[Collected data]
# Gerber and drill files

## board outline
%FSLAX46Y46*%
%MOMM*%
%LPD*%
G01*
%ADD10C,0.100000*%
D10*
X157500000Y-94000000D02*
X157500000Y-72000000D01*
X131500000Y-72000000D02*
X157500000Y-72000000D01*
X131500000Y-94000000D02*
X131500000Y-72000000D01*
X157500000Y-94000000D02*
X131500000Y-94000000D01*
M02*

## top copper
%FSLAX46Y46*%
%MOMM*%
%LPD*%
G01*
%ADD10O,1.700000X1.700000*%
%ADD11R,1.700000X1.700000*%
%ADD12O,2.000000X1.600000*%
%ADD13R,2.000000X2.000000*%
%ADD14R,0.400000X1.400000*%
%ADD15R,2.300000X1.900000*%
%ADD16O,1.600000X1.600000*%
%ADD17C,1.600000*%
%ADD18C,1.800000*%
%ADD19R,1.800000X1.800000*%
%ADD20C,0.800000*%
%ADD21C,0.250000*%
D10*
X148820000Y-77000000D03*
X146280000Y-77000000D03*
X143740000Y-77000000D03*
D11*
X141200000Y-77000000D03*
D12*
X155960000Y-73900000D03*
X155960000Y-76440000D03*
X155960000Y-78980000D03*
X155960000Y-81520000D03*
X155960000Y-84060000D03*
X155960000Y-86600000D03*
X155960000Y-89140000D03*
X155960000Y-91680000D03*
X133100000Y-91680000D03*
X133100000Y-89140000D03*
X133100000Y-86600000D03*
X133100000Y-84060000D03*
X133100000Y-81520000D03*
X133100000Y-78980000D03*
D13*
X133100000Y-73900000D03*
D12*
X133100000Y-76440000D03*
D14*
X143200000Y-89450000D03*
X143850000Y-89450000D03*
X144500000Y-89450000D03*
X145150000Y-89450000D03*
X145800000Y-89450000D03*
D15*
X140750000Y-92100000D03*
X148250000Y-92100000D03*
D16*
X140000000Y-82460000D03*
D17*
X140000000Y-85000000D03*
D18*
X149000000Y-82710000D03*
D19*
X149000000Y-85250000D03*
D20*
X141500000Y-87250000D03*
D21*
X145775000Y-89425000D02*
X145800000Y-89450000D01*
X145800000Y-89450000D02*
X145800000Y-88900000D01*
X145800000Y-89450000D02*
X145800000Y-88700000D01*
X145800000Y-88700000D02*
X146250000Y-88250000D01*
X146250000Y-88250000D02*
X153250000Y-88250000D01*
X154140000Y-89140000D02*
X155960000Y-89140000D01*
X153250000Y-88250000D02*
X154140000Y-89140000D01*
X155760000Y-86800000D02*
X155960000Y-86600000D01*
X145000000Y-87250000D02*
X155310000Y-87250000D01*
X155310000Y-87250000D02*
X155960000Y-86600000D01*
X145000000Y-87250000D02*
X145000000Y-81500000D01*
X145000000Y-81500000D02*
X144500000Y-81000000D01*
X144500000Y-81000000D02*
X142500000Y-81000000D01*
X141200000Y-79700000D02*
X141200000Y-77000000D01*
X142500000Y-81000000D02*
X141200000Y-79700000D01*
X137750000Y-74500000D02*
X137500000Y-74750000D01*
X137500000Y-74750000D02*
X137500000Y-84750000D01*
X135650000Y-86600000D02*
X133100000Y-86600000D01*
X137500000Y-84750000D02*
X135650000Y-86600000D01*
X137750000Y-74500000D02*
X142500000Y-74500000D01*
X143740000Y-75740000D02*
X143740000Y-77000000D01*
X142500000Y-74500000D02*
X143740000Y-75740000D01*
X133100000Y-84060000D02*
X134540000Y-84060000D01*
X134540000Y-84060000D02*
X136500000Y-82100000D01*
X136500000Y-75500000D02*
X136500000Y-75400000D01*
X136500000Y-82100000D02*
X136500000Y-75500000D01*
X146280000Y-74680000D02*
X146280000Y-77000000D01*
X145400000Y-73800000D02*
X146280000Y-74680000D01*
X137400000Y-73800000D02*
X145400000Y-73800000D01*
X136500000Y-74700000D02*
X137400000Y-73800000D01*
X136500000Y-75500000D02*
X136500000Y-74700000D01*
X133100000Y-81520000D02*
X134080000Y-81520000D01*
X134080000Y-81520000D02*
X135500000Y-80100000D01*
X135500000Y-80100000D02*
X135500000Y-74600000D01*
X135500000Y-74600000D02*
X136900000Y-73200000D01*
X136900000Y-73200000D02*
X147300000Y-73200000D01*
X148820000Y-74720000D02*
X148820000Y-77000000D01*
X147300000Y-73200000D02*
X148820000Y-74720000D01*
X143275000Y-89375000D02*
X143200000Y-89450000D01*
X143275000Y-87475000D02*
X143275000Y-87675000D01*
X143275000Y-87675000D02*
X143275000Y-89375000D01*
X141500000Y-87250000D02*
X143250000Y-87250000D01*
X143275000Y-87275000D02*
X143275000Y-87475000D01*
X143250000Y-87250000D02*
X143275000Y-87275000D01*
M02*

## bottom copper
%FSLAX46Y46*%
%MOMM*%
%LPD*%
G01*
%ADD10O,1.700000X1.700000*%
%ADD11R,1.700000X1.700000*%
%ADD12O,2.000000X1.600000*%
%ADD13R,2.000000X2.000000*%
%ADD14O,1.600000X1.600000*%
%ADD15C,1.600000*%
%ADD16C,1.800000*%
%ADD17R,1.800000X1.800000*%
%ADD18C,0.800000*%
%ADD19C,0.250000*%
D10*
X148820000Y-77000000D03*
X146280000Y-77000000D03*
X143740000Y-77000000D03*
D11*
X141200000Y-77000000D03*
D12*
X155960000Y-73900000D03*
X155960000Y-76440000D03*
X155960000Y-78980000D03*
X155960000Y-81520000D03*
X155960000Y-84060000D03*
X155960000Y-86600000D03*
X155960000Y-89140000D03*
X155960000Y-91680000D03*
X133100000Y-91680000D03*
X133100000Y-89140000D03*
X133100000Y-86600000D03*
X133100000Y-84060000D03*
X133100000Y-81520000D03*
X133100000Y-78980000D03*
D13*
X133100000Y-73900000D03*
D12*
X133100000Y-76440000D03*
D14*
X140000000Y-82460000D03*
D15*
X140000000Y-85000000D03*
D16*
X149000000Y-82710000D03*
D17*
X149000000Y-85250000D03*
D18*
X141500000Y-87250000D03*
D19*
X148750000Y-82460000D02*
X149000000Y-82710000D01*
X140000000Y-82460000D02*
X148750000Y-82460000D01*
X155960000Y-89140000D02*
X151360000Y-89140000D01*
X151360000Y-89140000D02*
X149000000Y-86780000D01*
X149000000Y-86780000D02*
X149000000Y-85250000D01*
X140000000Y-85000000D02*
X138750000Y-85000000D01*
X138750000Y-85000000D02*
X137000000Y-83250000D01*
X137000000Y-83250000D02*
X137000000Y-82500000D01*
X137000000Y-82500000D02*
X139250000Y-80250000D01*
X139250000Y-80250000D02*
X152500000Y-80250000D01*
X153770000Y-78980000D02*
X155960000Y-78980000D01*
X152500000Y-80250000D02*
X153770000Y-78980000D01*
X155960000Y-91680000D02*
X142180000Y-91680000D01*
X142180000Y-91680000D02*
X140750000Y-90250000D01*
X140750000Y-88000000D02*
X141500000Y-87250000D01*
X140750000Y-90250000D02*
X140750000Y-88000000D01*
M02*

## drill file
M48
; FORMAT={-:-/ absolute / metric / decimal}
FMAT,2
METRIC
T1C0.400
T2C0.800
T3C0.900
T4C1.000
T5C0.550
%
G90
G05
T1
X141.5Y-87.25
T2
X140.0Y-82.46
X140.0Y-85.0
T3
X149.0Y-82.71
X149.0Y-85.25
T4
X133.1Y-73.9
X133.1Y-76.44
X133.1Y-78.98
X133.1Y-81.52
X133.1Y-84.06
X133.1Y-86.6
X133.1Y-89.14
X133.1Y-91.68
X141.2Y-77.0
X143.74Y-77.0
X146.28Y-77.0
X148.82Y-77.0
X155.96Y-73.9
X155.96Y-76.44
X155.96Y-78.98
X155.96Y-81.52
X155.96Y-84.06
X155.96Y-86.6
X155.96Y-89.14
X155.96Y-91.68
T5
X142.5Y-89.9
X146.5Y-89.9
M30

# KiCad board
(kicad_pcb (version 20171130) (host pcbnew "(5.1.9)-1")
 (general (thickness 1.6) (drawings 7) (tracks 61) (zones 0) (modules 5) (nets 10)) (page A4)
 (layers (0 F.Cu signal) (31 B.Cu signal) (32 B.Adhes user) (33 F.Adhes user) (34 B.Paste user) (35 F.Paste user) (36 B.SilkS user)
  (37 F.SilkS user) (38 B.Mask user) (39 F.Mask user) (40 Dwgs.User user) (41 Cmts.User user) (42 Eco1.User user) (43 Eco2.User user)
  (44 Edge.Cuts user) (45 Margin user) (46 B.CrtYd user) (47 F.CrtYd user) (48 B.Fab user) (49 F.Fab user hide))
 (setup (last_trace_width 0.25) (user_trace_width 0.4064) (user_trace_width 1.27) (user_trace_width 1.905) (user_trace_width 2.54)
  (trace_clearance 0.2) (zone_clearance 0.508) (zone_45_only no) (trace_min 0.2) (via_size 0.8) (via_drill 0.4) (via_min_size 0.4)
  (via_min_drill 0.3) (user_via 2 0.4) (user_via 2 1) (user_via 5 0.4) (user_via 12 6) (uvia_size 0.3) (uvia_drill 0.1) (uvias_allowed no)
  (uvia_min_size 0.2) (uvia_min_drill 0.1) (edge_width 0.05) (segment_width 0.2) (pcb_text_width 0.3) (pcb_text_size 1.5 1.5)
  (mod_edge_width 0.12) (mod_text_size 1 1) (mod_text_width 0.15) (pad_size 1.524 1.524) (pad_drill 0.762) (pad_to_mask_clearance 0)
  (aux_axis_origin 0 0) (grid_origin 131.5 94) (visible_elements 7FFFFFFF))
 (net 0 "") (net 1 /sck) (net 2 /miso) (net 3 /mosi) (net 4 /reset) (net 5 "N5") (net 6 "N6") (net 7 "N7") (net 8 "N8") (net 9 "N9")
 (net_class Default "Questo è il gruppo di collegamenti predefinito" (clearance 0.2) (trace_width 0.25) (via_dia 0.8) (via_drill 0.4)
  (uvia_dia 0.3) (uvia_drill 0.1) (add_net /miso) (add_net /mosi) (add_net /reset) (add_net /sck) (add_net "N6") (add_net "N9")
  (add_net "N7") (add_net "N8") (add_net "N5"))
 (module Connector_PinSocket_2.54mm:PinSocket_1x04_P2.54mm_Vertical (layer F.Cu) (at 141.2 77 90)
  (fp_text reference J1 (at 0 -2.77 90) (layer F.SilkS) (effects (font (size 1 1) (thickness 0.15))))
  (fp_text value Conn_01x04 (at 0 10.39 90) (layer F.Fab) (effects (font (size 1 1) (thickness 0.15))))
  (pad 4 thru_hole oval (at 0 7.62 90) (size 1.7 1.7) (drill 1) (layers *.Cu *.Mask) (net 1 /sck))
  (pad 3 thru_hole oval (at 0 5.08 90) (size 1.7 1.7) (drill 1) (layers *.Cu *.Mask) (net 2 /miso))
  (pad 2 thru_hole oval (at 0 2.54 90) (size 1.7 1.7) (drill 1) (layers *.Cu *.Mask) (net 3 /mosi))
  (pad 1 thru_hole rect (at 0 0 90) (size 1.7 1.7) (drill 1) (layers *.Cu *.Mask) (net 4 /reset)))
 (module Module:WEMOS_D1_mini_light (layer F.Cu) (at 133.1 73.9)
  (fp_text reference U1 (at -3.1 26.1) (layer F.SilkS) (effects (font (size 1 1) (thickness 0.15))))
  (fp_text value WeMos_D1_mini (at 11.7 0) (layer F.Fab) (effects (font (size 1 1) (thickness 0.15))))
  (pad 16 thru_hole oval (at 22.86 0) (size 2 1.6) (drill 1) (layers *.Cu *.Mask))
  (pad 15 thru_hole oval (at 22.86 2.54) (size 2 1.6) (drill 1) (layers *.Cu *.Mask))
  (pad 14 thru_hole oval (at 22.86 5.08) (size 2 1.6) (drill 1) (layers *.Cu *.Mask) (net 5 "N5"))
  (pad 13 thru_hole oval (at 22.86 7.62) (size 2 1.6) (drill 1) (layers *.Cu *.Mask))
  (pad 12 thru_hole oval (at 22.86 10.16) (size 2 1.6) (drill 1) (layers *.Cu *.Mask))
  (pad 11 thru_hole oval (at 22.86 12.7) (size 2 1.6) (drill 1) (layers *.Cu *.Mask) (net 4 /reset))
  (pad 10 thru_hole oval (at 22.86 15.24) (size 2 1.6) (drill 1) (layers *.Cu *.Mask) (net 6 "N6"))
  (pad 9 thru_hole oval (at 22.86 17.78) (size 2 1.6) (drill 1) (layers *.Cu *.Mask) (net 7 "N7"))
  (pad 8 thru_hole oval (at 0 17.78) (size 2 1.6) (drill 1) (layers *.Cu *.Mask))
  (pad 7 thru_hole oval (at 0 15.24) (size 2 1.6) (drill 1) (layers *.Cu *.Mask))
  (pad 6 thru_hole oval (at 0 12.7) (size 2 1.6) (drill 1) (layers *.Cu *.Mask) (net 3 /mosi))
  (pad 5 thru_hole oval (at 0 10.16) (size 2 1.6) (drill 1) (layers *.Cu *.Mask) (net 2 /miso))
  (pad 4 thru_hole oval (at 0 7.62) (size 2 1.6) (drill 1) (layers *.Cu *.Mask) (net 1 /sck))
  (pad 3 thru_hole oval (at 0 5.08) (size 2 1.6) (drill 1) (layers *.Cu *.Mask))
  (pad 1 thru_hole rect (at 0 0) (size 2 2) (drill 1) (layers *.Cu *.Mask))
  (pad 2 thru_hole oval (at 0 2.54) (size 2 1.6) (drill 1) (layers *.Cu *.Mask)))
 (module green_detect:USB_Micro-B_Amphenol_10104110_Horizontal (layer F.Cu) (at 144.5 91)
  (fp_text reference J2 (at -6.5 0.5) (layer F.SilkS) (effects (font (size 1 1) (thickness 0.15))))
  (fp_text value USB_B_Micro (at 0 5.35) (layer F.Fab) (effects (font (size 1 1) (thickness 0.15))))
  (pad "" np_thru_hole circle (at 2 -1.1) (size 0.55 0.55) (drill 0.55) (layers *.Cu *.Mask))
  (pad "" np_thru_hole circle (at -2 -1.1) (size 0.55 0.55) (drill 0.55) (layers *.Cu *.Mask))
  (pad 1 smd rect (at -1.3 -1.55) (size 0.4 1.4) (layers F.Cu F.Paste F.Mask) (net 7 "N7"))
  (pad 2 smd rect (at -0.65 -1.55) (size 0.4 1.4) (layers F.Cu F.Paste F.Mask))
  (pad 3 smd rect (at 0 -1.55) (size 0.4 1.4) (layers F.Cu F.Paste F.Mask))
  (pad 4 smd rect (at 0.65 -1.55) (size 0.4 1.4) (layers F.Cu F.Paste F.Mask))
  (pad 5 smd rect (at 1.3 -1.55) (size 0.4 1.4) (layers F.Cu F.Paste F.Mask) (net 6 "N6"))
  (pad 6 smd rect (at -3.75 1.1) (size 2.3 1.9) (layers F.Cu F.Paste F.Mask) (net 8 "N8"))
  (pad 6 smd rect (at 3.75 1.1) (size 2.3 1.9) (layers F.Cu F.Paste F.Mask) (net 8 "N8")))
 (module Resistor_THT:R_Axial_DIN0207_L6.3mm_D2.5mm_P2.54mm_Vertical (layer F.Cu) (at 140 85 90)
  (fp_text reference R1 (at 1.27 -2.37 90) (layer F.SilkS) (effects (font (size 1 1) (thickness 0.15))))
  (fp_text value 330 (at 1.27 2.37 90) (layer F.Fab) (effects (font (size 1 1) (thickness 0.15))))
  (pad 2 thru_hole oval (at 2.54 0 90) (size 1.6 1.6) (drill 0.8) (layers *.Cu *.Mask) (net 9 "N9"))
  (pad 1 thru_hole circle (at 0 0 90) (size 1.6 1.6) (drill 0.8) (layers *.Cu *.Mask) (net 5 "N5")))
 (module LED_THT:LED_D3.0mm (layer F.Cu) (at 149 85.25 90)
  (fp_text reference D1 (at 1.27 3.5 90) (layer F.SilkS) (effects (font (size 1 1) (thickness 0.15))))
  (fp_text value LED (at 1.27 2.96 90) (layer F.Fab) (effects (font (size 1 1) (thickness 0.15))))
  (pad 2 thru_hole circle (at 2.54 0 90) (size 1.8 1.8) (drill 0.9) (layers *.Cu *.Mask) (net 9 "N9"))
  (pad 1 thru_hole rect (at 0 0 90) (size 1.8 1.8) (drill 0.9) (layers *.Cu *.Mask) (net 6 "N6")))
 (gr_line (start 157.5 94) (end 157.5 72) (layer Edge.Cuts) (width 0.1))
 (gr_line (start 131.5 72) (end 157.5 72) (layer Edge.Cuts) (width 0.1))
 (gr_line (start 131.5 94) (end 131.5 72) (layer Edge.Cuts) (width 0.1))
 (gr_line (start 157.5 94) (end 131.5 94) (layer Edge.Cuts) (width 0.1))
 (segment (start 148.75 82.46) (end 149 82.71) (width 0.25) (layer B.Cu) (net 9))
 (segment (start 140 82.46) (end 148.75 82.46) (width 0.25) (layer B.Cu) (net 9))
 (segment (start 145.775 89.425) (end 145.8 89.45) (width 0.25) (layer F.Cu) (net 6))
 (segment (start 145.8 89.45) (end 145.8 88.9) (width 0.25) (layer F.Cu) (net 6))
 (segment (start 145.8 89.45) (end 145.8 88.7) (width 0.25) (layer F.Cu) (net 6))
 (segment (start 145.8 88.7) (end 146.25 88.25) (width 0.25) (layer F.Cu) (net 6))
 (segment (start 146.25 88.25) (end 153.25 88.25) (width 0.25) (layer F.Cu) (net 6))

■ Required action ■
Transcribe each line of the data above, unaltered, from the one where "X138750000Y-85000000D01*" appears to the one where "X155960000Y-91680000D02*" appears, inclusive of both.

■ Exercise result ■
X138750000Y-85000000D01*
X138750000Y-85000000D02*
X137000000Y-83250000D01*
X137000000Y-83250000D02*
X137000000Y-82500000D01*
X137000000Y-82500000D02*
X139250000Y-80250000D01*
X139250000Y-80250000D02*
X152500000Y-80250000D01*
X153770000Y-78980000D02*
X155960000Y-78980000D01*
X152500000Y-80250000D02*
X153770000Y-78980000D01*
X155960000Y-91680000D02*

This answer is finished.